BEGIN Data to process

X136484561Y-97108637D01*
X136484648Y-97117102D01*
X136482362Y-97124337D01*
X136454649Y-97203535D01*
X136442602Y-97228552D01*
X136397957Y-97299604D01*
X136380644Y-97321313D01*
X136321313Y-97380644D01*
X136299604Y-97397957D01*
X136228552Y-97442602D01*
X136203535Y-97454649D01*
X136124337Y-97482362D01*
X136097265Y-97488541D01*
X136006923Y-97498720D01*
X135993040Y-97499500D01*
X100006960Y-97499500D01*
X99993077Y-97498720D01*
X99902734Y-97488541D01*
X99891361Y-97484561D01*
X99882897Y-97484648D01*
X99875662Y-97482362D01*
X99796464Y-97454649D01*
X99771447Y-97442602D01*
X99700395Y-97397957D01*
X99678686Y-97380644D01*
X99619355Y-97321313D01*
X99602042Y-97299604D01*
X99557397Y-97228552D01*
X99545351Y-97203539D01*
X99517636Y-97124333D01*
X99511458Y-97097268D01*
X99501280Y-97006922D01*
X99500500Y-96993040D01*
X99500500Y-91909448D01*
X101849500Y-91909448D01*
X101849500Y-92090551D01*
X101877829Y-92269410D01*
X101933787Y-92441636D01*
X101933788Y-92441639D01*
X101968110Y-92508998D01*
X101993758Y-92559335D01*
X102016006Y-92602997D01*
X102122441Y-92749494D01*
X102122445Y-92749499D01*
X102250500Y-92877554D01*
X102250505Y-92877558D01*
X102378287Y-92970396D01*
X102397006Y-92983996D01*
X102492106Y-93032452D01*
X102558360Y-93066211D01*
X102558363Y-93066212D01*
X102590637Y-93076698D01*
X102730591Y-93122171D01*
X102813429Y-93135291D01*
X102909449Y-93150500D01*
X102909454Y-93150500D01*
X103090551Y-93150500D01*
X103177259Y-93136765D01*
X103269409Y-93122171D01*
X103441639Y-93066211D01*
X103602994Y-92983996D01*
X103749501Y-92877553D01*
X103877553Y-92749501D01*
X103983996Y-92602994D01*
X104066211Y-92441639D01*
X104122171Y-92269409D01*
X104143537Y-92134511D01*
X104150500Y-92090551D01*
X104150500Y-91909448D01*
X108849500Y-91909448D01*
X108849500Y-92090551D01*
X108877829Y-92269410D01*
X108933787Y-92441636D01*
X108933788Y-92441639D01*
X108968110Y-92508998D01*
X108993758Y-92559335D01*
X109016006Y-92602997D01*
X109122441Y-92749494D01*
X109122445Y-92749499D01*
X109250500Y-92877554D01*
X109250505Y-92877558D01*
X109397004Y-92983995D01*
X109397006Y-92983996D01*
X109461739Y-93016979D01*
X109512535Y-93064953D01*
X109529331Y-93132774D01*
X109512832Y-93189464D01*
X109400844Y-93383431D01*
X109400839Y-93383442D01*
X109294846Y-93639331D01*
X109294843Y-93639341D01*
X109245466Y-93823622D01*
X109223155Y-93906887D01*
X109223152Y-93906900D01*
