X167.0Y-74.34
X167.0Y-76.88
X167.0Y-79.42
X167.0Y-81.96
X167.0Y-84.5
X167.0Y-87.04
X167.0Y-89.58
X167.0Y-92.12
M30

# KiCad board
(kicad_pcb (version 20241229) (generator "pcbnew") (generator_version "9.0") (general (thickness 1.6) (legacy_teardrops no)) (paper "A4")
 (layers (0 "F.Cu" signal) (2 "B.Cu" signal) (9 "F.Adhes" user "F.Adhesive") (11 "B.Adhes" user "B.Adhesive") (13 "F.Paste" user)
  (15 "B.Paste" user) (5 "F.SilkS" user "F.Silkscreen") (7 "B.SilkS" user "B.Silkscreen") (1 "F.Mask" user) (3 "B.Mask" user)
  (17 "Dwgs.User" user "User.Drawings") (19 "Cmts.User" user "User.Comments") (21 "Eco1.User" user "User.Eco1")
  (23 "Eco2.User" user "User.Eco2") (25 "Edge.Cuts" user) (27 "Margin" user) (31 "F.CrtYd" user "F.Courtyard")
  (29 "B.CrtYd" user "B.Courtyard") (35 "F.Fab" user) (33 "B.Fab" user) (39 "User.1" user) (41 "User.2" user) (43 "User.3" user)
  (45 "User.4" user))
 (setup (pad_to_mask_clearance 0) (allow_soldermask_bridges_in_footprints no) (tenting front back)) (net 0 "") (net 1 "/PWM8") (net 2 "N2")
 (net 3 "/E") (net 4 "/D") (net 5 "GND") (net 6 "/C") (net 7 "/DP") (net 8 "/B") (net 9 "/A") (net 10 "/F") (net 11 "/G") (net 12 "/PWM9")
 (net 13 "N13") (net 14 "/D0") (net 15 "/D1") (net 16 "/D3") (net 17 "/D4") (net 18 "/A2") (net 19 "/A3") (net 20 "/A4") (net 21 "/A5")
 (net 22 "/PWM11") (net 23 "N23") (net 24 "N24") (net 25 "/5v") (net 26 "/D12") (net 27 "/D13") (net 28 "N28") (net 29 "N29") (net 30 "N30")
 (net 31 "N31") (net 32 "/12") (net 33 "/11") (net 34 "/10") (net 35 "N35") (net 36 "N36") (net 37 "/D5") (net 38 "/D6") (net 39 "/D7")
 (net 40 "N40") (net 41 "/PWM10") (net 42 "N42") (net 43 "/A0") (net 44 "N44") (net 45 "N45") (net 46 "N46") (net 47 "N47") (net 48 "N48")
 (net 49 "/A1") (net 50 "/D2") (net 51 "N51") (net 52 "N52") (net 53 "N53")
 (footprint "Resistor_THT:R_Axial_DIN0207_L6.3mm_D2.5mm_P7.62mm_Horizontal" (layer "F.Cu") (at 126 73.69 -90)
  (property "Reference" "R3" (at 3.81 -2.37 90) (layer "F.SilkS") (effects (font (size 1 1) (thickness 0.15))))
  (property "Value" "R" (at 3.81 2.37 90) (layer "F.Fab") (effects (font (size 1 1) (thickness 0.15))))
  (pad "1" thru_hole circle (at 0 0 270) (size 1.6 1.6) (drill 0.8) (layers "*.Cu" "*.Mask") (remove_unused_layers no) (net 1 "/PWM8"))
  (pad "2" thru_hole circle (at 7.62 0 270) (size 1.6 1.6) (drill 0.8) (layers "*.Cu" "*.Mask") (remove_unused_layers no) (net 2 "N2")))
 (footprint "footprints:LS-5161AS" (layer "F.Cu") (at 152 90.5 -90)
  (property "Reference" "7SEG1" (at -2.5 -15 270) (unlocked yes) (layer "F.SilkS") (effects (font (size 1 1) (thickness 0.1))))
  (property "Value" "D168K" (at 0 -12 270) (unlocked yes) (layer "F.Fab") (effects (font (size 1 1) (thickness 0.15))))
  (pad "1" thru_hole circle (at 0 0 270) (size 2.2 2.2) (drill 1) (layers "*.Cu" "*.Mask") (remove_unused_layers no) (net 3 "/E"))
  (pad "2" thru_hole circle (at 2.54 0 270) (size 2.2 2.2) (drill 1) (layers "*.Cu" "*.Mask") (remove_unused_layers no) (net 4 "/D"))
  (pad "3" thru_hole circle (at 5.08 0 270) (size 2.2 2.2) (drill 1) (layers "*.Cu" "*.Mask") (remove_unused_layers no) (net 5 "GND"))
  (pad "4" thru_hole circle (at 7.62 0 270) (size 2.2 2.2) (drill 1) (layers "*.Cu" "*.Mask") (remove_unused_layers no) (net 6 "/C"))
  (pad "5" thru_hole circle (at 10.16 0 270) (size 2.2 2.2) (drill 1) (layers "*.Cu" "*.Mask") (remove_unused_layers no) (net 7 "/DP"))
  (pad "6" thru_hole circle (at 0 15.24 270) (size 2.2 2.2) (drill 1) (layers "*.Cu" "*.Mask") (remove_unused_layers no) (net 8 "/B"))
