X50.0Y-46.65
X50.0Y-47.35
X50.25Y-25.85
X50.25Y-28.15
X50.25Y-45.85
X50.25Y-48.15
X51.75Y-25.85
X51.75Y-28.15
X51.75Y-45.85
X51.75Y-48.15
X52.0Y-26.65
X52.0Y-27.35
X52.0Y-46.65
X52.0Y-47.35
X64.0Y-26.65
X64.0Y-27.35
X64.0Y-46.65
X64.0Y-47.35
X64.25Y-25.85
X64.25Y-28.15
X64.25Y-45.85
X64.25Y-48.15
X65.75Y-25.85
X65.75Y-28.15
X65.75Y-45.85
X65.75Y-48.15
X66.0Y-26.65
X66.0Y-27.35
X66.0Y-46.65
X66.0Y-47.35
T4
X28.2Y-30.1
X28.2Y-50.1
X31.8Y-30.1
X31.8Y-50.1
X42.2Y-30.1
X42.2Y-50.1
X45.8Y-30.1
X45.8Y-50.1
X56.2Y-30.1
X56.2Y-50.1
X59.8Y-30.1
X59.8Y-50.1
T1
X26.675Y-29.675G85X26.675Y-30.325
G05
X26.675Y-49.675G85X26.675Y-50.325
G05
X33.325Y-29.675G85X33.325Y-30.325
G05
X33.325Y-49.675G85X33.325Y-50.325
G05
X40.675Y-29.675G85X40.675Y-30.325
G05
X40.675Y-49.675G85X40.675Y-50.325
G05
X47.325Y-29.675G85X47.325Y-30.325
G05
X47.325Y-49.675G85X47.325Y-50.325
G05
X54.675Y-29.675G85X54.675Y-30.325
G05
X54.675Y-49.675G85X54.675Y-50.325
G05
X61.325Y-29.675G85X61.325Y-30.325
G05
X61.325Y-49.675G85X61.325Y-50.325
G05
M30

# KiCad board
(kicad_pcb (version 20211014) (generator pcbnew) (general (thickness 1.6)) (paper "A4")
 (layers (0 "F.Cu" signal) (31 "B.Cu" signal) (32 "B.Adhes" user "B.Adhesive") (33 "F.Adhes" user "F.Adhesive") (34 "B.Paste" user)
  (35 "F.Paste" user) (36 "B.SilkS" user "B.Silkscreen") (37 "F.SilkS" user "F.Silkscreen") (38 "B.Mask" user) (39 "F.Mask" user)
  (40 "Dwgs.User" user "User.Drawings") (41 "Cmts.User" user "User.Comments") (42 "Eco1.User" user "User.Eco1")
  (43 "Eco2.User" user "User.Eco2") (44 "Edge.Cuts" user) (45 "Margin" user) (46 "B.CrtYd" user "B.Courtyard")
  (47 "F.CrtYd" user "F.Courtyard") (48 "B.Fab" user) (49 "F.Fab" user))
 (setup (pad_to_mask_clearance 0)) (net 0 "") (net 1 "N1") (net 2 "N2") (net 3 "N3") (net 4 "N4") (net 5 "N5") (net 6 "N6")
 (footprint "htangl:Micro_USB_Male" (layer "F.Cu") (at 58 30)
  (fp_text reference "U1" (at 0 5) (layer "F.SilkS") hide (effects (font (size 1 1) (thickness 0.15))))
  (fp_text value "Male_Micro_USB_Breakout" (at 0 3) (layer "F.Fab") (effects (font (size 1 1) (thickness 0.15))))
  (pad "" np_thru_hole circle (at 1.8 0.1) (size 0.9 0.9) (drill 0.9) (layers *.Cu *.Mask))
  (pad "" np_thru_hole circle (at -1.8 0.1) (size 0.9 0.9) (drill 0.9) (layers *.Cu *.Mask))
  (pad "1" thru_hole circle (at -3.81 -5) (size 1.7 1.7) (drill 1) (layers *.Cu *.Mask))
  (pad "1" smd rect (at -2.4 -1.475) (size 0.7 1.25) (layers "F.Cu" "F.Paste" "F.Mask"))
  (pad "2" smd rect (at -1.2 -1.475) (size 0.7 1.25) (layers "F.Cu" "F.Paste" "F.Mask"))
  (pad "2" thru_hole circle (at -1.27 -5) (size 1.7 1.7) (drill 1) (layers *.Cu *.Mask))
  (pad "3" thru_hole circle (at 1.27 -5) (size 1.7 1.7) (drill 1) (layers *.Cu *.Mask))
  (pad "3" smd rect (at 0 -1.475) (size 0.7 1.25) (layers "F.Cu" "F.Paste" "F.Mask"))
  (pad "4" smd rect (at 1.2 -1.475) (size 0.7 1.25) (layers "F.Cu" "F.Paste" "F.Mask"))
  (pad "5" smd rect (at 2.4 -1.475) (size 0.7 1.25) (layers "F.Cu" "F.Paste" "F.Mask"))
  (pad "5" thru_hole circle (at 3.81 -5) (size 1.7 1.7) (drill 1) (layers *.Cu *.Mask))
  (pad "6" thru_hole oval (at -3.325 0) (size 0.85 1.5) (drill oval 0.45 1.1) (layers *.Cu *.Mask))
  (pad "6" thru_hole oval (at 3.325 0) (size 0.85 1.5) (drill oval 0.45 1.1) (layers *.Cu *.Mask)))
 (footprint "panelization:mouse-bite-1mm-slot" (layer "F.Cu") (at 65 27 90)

END Data to process

**What to do:**
After reading through the material, report every line that holds "generator".

**Exercise response:**
(kicad_pcb (version 20241229) (generator "pcbnew") (generator_version "9.0") (general (thickness 1.6) (legacy_teardrops no)) (paper "A4")
(kicad_pcb (version 20211014) (generator pcbnew) (general (thickness 1.6)) (paper "A4")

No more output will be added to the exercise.